How can our producers compete with this?
500,000,000 wrongly labeled eggs Surprised
Jonnyboy

I wonder who they supplied, whenever I've bought stamped eggs they would have UK on then, IIRC.
Behemoth

I find it hard to beelive that we've consumerd that many fre range eggs - supplied to the food industry perhaps?
Jonnyboy

we eat nearly a billion chickens a year. that amount of eggs ain't a shock.
bodger

Not too much of a suprise really , where there's greed there's a way.
It begs the question, how much of the food labelled organic is actually organic ? Just as one egg looks like another, surely one cabbage also looks like the next and the same opportunity is there for the unscrupulous to cheat.
Cho-ku-ri

This is only one scam that has come to light, I am afraid that so many imported 'Organic' 'Free Range' 'Fair Trade' goods are probably nothing like they describe on the packaging. We are dumb enough to think everybody plays by the rules. Rolling Eyes
bodger

If you are in a situation where you can keep just two hens in the garden, you need never worry about buying another egg again. Very Happy Very Happy Very Happy Yet another reason for growing your own whenever you can.
Cho-ku-ri

bodger wrote:
If you are in a situation where you can keep just two hens in the garden, you need never worry about buying another egg again. Very Happy Very Happy Very Happy Yet another reason for growing your own whenever you can.

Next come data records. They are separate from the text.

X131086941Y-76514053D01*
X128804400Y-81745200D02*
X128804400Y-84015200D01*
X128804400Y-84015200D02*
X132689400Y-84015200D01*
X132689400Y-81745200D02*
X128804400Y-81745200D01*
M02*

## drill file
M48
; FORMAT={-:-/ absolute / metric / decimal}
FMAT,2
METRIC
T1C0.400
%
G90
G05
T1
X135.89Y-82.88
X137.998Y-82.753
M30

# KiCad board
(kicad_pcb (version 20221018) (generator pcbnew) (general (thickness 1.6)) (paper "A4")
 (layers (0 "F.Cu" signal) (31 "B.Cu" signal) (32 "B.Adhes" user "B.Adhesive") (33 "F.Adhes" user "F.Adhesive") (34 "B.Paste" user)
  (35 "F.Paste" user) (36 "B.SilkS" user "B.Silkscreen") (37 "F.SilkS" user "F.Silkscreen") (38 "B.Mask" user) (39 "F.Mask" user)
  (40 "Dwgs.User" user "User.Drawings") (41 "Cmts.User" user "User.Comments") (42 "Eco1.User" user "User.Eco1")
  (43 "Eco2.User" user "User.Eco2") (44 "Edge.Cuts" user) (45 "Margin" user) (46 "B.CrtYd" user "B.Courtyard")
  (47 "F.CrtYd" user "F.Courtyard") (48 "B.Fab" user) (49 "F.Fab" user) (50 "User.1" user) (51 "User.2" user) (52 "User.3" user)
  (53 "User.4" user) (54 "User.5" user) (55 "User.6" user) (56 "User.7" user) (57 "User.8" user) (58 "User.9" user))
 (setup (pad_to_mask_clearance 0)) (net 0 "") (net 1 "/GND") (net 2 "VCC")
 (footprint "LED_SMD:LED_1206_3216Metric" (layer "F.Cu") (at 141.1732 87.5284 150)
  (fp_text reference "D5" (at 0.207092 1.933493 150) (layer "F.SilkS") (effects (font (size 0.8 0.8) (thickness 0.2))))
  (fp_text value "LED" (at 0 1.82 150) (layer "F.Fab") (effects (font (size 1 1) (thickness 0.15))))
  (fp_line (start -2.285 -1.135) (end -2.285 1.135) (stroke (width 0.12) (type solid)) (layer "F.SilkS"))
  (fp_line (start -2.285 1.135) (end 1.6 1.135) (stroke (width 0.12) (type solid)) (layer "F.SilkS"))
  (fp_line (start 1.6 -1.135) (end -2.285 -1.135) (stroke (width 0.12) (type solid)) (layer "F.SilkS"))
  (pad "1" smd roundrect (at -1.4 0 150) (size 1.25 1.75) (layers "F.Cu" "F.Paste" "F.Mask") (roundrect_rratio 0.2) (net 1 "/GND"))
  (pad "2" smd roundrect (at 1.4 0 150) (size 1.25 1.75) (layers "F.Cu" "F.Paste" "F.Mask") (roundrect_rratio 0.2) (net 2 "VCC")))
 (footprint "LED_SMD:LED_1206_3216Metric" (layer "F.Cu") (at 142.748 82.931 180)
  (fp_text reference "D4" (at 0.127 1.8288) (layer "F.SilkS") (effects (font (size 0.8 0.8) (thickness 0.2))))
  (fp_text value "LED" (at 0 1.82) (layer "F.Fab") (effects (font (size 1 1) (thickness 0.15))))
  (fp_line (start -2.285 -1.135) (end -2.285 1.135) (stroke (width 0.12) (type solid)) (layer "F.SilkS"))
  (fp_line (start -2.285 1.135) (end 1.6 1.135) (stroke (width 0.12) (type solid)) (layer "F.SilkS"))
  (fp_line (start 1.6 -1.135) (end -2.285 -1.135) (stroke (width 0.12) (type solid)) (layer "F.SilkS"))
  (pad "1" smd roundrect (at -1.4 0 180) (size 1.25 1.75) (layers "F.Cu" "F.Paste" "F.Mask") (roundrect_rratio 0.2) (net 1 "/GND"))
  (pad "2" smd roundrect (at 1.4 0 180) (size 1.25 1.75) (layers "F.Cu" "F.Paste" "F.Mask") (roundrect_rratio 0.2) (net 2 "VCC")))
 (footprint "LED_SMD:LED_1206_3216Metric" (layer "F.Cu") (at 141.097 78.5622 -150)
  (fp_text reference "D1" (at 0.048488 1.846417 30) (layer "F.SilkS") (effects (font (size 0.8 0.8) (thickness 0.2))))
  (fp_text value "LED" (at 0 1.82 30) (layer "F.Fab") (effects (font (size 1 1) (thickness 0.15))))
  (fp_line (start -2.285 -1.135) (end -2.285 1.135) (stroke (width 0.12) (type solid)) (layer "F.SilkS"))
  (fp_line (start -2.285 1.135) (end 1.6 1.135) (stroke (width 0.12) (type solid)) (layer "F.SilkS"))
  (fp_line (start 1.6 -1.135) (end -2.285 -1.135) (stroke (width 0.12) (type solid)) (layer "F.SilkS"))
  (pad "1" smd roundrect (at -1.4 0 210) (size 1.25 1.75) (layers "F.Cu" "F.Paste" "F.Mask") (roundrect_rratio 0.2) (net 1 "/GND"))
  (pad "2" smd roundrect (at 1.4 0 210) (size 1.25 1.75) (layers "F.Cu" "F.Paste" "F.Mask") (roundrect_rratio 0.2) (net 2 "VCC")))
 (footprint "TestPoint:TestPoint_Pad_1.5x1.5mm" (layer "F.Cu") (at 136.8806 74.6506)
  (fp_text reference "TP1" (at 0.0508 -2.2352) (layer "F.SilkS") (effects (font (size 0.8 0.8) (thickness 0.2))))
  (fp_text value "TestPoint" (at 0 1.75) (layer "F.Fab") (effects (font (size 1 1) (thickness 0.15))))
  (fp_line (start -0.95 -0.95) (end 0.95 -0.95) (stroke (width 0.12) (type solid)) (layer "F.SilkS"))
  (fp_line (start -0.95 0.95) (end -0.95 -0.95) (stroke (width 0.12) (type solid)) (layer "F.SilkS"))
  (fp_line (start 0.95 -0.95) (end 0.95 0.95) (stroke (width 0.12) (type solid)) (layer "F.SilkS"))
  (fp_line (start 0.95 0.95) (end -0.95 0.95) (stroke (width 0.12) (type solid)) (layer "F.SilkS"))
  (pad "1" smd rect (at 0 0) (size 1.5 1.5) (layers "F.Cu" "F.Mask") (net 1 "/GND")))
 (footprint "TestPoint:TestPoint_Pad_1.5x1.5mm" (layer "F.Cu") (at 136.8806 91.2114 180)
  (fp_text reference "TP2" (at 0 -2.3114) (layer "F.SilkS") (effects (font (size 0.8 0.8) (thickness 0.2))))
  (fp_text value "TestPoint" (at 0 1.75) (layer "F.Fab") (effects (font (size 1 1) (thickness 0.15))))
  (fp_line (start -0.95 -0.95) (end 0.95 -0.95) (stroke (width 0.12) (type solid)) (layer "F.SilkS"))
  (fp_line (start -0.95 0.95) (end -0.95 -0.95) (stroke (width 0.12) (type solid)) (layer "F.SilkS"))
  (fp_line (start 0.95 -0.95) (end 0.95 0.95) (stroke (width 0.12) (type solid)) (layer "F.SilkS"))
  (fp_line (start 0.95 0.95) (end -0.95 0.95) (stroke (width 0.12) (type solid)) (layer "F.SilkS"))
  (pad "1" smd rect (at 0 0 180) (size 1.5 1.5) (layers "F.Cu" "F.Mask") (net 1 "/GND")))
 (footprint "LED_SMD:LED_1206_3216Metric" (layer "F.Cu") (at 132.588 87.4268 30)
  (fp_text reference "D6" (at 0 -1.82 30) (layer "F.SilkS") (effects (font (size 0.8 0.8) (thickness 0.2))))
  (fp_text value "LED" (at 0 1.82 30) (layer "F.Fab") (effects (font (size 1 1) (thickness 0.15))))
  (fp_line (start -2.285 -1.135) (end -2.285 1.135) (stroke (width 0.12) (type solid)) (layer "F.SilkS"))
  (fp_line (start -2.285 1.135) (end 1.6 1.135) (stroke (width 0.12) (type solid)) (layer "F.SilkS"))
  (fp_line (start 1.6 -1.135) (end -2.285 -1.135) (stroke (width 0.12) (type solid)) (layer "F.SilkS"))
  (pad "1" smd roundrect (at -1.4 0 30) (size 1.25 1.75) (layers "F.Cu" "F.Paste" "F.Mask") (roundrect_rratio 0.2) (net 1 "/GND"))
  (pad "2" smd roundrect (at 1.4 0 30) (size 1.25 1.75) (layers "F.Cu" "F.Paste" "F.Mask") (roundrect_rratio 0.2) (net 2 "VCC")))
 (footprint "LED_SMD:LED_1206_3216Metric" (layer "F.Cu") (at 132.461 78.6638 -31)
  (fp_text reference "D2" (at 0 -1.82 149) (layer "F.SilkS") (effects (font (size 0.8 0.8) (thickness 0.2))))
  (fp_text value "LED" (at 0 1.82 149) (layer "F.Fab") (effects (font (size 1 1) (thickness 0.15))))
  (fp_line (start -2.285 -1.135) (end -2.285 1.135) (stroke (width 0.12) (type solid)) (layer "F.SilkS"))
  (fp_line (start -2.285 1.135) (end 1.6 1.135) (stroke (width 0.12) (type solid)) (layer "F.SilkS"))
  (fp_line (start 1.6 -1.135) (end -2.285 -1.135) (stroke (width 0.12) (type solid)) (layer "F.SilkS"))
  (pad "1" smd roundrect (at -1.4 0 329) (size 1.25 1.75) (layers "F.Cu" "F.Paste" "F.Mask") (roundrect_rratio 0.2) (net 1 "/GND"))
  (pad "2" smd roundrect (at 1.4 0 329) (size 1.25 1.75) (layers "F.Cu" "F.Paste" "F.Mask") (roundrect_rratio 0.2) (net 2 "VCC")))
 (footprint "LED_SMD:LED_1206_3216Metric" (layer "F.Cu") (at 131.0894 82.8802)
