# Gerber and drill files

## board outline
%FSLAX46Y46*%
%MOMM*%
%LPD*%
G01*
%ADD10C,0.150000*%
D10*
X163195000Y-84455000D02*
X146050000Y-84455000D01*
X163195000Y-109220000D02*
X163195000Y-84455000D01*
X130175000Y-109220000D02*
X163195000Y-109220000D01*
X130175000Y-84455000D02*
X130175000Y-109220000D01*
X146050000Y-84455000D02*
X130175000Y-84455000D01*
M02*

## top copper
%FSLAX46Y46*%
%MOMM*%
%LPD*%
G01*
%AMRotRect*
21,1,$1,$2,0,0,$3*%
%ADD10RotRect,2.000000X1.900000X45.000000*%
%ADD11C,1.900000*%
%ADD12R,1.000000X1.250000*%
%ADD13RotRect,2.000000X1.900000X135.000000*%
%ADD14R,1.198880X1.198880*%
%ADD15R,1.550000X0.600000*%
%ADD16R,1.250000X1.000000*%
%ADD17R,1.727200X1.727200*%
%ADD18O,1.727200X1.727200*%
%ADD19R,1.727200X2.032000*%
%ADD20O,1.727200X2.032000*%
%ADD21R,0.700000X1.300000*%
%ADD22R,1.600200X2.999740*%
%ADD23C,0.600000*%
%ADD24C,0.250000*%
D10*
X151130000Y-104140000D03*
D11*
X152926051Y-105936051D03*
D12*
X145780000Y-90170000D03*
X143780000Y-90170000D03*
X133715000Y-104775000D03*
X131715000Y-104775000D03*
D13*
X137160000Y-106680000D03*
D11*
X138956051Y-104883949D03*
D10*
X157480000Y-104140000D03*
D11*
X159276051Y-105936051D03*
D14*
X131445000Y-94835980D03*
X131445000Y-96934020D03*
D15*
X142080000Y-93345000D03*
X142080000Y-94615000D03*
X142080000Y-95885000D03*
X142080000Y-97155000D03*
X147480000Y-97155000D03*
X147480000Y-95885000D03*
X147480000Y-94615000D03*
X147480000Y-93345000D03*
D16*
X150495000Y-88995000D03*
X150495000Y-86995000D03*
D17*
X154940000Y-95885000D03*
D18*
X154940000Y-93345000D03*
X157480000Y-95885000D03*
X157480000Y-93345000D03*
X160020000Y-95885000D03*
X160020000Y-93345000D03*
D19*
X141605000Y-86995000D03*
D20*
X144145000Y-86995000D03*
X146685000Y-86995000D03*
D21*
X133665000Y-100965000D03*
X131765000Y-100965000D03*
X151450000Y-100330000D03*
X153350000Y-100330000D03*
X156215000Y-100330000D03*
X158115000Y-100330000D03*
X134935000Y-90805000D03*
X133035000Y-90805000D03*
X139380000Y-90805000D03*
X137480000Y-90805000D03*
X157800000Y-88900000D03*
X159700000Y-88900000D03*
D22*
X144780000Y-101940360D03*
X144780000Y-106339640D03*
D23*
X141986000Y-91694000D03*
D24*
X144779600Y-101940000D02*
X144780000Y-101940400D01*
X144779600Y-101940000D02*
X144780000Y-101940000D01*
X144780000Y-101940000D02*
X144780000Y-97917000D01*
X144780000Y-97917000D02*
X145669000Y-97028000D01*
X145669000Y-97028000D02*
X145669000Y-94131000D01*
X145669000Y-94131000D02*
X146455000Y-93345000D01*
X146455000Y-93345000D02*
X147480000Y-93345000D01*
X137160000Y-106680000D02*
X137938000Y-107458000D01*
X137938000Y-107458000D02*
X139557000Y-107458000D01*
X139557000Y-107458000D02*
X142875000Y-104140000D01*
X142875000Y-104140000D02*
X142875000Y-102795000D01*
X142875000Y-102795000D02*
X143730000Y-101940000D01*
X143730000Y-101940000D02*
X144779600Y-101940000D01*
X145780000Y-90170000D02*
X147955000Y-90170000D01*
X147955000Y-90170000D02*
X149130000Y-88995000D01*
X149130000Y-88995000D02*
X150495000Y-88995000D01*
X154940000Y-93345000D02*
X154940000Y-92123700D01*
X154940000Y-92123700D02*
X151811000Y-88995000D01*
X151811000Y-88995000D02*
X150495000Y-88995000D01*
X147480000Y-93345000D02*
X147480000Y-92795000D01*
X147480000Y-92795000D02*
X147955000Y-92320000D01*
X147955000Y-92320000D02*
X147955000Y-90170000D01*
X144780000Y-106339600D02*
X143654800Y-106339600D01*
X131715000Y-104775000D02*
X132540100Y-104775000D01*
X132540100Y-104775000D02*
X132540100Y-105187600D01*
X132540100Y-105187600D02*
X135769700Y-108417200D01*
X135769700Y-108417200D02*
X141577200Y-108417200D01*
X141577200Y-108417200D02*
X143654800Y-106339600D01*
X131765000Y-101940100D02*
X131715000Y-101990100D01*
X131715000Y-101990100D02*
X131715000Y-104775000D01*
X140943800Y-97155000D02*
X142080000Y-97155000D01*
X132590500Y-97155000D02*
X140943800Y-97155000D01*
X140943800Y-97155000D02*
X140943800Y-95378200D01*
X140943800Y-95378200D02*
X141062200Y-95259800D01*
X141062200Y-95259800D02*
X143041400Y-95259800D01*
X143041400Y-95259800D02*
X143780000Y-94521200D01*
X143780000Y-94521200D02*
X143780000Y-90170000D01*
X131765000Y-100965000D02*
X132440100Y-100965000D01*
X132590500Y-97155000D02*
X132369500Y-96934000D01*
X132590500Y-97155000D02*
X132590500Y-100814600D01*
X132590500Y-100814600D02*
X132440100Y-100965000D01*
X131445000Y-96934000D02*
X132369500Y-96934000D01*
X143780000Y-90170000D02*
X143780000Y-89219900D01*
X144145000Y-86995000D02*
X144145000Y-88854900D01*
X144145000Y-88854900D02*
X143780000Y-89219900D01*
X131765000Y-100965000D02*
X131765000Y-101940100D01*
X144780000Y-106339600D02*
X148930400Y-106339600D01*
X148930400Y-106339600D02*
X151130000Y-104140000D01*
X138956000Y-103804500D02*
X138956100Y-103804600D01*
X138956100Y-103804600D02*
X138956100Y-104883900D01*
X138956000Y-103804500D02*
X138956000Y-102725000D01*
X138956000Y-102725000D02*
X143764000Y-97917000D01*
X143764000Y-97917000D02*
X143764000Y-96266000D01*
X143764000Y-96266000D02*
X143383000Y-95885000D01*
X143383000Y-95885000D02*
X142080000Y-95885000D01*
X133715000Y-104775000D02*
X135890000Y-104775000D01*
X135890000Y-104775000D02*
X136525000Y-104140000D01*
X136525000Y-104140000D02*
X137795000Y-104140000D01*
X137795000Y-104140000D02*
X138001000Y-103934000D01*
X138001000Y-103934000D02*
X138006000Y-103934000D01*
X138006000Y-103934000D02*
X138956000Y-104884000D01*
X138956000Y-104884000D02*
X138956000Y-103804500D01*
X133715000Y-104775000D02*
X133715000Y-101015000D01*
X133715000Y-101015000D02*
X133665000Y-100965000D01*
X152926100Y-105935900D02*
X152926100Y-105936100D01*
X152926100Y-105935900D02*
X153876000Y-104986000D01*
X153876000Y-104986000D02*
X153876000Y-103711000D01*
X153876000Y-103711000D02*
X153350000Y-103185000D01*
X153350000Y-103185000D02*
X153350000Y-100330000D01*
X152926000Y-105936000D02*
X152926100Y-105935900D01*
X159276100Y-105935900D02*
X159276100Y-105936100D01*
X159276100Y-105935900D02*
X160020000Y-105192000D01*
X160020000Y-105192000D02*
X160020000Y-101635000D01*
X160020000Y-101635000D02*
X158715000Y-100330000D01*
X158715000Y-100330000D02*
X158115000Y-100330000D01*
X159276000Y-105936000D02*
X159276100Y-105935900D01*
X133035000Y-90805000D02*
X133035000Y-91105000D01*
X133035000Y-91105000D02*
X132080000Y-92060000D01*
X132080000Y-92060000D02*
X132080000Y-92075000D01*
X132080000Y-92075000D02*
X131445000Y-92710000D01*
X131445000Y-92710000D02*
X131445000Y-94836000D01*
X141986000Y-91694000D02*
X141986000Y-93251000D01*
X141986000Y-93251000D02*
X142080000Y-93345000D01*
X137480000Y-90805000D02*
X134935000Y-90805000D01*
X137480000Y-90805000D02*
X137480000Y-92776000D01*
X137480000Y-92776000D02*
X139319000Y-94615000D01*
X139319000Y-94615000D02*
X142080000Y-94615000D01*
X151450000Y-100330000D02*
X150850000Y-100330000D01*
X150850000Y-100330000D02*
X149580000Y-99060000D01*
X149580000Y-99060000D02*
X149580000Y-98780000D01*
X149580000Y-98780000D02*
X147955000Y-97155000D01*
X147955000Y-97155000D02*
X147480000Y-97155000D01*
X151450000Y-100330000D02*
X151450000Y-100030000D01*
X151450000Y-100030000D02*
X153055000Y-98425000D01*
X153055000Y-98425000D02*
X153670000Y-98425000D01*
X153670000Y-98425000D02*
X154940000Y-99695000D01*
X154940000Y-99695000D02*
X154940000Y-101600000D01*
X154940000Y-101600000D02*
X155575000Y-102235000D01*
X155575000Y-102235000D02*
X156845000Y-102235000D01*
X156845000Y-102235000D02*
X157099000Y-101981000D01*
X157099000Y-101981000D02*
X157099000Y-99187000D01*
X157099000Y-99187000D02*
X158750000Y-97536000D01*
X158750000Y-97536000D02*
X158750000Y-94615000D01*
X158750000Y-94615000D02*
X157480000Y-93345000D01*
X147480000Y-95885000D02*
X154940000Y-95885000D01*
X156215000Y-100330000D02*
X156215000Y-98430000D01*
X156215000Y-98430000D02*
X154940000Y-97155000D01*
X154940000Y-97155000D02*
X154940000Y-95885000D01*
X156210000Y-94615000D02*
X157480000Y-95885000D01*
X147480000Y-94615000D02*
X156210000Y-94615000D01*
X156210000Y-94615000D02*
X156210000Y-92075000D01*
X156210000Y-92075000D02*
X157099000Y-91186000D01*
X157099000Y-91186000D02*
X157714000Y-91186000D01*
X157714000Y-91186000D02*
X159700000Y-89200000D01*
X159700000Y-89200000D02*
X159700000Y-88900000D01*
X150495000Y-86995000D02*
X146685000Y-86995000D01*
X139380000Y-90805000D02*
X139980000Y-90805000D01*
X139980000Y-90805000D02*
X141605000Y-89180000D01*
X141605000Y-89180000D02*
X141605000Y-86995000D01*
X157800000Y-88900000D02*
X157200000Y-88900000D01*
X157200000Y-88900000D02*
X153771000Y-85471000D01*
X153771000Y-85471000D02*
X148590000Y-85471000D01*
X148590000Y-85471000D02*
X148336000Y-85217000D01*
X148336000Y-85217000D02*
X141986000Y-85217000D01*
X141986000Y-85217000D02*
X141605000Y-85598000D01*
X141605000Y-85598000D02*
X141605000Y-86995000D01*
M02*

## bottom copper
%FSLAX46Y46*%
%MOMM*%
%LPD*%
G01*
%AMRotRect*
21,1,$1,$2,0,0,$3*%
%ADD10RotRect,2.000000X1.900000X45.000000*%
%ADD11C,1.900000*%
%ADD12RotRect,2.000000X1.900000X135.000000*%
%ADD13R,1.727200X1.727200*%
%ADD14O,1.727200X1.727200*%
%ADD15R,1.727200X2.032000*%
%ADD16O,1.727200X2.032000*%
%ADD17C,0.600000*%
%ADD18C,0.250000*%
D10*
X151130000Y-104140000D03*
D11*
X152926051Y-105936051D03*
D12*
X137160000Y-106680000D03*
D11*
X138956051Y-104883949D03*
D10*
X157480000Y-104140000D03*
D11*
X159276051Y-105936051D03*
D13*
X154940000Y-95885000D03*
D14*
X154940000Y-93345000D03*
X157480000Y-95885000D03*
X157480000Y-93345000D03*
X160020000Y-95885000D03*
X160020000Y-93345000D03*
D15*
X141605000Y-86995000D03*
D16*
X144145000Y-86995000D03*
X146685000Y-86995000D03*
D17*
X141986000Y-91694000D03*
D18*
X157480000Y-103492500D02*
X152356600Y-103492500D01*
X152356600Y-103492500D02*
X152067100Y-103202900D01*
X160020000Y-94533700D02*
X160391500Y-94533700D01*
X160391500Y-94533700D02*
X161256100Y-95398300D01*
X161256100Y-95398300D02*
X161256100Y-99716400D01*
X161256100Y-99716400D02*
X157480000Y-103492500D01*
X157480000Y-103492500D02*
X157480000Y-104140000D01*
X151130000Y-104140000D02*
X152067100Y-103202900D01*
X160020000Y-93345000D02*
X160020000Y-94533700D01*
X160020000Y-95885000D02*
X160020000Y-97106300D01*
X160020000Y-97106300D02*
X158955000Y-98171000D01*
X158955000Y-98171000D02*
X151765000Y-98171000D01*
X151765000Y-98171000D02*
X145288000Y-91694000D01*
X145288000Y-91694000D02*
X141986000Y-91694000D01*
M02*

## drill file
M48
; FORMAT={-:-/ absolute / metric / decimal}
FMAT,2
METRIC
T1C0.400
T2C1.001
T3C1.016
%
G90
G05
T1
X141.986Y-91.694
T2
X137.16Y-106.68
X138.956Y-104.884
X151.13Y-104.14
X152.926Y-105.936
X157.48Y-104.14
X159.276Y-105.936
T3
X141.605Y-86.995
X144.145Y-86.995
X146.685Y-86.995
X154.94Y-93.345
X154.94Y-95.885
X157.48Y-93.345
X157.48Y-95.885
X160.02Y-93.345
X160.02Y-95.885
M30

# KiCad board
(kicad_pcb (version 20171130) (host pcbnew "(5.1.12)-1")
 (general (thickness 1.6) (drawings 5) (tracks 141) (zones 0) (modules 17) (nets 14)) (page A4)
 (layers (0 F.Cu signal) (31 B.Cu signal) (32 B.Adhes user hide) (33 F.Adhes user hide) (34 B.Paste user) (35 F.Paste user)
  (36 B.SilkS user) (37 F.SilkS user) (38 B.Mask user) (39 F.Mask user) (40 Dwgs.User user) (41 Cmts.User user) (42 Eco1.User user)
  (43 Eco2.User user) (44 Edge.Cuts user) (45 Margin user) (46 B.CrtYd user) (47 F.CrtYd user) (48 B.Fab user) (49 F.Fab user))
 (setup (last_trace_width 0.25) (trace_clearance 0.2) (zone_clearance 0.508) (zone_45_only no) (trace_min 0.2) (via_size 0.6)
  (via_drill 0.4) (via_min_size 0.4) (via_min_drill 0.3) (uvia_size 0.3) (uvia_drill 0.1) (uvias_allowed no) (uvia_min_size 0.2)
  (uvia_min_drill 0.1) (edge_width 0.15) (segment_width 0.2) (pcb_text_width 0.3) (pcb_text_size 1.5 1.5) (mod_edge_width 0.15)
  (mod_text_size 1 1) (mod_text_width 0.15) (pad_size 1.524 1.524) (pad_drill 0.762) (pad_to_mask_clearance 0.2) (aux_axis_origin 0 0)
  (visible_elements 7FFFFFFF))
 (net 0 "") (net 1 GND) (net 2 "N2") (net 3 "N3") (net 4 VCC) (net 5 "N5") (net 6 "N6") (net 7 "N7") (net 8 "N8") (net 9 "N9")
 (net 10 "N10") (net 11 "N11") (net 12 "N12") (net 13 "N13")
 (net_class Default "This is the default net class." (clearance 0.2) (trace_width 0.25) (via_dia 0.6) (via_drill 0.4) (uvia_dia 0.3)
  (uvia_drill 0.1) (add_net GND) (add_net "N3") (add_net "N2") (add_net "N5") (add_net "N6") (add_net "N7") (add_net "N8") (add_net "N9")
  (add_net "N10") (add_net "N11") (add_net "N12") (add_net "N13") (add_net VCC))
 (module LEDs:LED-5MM (layer F.Cu) (at 151.13 104.14 315)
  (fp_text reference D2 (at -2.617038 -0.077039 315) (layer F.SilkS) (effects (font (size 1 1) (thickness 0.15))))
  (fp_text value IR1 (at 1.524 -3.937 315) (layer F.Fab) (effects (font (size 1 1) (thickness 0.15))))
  (pad 1 thru_hole rect (at 0 0 45) (size 2 1.9) (drill 1.00076) (layers *.Cu *.Mask F.SilkS) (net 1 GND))
  (pad 2 thru_hole circle (at 2.54 0 315) (size 1.9 1.9) (drill 1.00076) (layers *.Cu *.Mask F.SilkS) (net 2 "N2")))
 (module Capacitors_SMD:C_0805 (layer F.Cu) (at 144.78 90.17 180)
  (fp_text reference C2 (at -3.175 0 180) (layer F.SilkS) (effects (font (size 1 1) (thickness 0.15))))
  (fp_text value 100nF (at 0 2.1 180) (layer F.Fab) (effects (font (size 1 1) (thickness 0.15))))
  (pad 1 smd rect (at -1 0 180) (size 1 1.25) (layers F.Cu F.Paste F.Mask) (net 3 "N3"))
  (pad 2 smd rect (at 1 0 180) (size 1 1.25) (layers F.Cu F.Paste F.Mask) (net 1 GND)))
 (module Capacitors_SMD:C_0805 (layer F.Cu) (at 132.715 104.775 180)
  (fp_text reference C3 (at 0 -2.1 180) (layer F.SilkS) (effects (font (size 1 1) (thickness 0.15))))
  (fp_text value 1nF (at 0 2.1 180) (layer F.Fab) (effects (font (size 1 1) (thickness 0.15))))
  (pad 1 smd rect (at -1 0 180) (size 1 1.25) (layers F.Cu F.Paste F.Mask) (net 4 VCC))
  (pad 2 smd rect (at 1 0 180) (size 1 1.25) (layers F.Cu F.Paste F.Mask) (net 1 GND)))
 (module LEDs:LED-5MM (layer F.Cu) (at 137.16 106.68 45)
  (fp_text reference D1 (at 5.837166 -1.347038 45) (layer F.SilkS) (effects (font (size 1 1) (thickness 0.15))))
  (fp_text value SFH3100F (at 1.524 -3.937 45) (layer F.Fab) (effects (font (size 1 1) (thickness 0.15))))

Depends on what you feed them on, as kitchen scraps are banned and you have only the word of the feed merchant that the grain and pellets/meal are organic/GM free. Remember your eggs are not organic if the feed is not.
bodger

If you don't tell anybody you feed your chickens a few household scraps, I'm sure your secret will be safe with them.

Ours get rice when we make too much for a curry, bread scraps , the odd jacket potatoe and any left over vegetables . I don't think that there can be any small scale poultry keeper who doesn't do similarly. Its just a matter of common sense really.
I think you'll find that its still legal to feed the left overs that I have mentioned.

Don't forget the feed that was linked with BSE was virtually organic in as much as it contained dead sheep. Sheep are about the most naturally fed farm animal on the farm.
Treacodactyl

bodger wrote:
If you don't tell anybody you feed your chickens a few household scraps, I'm sure your secret will be safe with them.

Ours get rice when we make too much for a curry, bread scraps , the odd jacket potatoe and any left over vegetables . I don't think that there can be any small scale poultry keeper who doesn't do similarly. Its just a matter of common sense really.
I think you'll find that its still legal to feed the left overs that I have mentioned.


As has been pointed out here before, those sorts of things cannot legally be fed to poultry or other farm animals.

From the DEFRA web site:

http://www.defra.gov.uk/animalh/by%2Dprods/wastefood/formerfoodstuffs-qa.htm#7

Quote:
The Regulations prohibit the feeding of meat, fish and most other products of animal origin to ruminants, pigs or poultry. They also make it an offence to allow them to have access to such material. They also prohibit any catering waste being fed, whether processed or not. This also includes catering waste from vegetarian restaurants and kitchens.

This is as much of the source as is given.